Umbrella
by Elena Arevalo Melville; illus. by the author
Preschool, Primary Scallywag 32 pp.
4/24 9781915252371 $18.99
Young Clara, her blank expression joyless, has “no one to play with” at the park. She sees an umbrella on the ground, places it on a bench by a tree, and is startled to hear it thank her for the kindness. “I can do much more than that…Look inside me. Anything is possible!” She opens it (who wouldn’t?), and a friendly cat comes out—answering Clara’s unspoken wish for companionship. When old Mr. Roberts reaches his arms up to the tree from his wheelchair, remembering how he used to pick apples as a boy, Clara assures him that “anything is possible.” She opens the umbrella and out comes…“An elephant?” who helps retrieve apples.
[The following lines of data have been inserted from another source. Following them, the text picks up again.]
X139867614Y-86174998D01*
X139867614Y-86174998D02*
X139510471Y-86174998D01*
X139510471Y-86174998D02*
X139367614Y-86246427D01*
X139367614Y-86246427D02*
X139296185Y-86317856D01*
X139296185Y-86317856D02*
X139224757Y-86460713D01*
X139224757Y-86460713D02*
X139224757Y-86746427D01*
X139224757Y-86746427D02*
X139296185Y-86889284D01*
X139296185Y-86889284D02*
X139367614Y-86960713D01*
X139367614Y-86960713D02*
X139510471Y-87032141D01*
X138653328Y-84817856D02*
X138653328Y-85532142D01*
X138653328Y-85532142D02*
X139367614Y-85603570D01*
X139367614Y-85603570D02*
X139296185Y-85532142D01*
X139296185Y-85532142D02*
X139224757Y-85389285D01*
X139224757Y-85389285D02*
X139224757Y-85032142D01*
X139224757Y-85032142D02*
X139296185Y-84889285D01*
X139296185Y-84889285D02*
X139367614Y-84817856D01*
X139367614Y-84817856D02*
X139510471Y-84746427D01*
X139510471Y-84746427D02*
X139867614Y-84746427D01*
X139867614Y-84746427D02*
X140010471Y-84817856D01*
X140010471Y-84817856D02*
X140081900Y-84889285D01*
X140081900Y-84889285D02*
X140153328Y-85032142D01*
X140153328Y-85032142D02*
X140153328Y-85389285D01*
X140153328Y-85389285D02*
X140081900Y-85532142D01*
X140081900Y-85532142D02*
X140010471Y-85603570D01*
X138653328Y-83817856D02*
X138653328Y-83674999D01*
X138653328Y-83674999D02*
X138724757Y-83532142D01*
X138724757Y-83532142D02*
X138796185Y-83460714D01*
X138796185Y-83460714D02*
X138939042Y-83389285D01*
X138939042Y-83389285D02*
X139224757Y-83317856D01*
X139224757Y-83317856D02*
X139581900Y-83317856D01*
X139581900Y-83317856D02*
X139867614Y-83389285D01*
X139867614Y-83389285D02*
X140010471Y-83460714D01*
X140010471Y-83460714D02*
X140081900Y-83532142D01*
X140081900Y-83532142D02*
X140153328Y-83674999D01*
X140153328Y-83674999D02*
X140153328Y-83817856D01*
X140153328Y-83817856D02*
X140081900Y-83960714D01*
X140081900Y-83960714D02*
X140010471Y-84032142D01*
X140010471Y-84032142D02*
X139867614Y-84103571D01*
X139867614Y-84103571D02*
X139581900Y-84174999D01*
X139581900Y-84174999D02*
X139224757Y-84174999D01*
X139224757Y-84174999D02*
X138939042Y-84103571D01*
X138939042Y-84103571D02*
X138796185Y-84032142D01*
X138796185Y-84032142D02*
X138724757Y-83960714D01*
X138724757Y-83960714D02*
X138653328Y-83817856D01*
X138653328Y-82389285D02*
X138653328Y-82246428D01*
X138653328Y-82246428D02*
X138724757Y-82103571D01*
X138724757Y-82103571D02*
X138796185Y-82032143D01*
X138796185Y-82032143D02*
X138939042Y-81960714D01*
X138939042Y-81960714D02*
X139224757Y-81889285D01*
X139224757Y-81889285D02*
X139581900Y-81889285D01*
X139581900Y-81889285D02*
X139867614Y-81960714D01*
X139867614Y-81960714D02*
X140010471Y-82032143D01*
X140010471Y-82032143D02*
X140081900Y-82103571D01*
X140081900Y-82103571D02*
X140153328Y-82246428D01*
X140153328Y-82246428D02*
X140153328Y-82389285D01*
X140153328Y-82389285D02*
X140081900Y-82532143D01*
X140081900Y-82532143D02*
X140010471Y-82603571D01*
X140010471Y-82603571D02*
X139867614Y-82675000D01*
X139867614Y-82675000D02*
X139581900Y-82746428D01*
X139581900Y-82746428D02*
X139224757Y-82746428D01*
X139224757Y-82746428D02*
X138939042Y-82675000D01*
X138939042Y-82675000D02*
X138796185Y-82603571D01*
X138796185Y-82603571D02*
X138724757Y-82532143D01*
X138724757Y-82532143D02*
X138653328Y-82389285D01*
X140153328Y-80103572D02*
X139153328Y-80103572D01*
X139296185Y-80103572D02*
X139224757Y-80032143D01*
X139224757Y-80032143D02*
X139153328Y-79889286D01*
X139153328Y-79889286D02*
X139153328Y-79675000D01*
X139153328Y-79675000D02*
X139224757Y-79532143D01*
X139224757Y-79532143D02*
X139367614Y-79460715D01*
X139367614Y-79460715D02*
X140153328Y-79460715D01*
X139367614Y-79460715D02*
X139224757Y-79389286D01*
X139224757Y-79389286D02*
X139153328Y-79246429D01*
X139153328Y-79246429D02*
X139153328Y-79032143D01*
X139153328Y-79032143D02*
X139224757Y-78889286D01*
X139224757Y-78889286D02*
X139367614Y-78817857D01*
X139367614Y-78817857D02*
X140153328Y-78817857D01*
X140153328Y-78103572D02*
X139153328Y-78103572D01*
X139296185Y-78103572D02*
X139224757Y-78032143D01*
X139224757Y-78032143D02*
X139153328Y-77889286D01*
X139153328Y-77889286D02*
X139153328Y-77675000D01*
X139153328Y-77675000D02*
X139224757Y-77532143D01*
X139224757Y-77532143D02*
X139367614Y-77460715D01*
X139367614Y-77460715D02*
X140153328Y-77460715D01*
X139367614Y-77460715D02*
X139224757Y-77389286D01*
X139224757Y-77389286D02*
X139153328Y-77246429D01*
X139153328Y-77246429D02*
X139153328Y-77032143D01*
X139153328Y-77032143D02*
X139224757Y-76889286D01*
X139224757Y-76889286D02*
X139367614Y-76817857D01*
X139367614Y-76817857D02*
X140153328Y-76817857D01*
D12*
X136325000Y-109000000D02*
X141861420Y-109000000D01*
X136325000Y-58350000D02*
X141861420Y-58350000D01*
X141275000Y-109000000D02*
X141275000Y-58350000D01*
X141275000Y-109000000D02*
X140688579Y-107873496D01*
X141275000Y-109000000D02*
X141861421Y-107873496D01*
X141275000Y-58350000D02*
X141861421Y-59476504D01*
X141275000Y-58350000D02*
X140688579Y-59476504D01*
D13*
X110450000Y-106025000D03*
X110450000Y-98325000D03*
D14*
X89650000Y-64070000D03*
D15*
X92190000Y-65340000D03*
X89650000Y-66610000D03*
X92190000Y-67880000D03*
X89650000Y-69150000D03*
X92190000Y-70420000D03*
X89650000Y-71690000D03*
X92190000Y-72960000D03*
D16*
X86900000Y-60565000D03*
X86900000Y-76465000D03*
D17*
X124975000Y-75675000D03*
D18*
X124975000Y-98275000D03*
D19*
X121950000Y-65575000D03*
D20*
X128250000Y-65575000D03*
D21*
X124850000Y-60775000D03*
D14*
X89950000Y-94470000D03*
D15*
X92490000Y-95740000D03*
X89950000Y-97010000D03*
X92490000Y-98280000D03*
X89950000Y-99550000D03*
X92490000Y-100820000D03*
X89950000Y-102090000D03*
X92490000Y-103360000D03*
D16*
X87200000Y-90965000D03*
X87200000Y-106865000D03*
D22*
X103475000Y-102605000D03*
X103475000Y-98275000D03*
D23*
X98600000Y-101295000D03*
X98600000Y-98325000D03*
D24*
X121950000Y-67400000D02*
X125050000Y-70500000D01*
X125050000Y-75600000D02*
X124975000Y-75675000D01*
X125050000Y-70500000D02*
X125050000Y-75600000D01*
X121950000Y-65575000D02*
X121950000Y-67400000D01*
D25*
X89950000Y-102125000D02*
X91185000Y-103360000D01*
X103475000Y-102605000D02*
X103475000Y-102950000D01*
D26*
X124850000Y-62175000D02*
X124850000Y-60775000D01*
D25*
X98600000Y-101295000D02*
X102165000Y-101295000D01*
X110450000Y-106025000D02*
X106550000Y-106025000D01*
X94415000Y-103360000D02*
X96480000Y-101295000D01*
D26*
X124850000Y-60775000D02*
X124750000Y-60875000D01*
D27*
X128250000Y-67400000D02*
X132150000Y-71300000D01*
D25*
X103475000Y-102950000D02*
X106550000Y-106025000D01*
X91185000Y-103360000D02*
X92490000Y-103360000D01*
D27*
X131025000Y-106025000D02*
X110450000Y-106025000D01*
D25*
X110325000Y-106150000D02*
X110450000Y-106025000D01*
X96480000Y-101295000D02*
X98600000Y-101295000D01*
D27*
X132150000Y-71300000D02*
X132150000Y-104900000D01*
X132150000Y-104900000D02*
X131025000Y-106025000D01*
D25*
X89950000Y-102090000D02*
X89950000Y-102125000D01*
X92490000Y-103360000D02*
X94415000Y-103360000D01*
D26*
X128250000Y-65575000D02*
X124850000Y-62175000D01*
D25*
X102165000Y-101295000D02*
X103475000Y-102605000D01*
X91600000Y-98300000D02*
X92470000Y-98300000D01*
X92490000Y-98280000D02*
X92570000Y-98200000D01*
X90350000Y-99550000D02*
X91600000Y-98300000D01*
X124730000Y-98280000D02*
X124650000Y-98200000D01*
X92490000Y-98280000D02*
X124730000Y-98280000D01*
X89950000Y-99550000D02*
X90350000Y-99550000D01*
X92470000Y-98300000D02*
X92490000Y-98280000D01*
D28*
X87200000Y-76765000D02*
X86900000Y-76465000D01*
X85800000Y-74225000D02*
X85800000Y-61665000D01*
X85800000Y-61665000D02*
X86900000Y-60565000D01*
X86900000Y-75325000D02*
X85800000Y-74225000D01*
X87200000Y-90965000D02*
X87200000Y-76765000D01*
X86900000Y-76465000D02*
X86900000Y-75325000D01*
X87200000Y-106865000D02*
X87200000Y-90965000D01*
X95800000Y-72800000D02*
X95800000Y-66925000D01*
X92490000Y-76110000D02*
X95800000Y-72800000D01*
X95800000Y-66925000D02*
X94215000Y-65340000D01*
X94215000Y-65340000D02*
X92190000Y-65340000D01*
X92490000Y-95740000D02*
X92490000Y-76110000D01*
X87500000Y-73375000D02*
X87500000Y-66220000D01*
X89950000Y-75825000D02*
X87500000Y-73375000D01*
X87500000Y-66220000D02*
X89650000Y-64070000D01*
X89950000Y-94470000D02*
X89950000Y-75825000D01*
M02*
Told in the third person by an affable narrator, this offbeat story has humor and heart. Melville’s illustrations are especially effective at telegraphing the characters’ feelings—which are just what the umbrella is attuned to. Along with a limited palette of blues, pinkish red, and creamy whites, the art’s loose lines are idiosyncratic and expressive. Sneaky Mr. Fox tries demanding that the umbrella make him “rich, rich, rich!”; he gets what he deserves. But the beneficent umbrella also gives him a second chance, making the park “absolutely perfect.”
From the May/June 2024 issue of The Horn Book Magazine.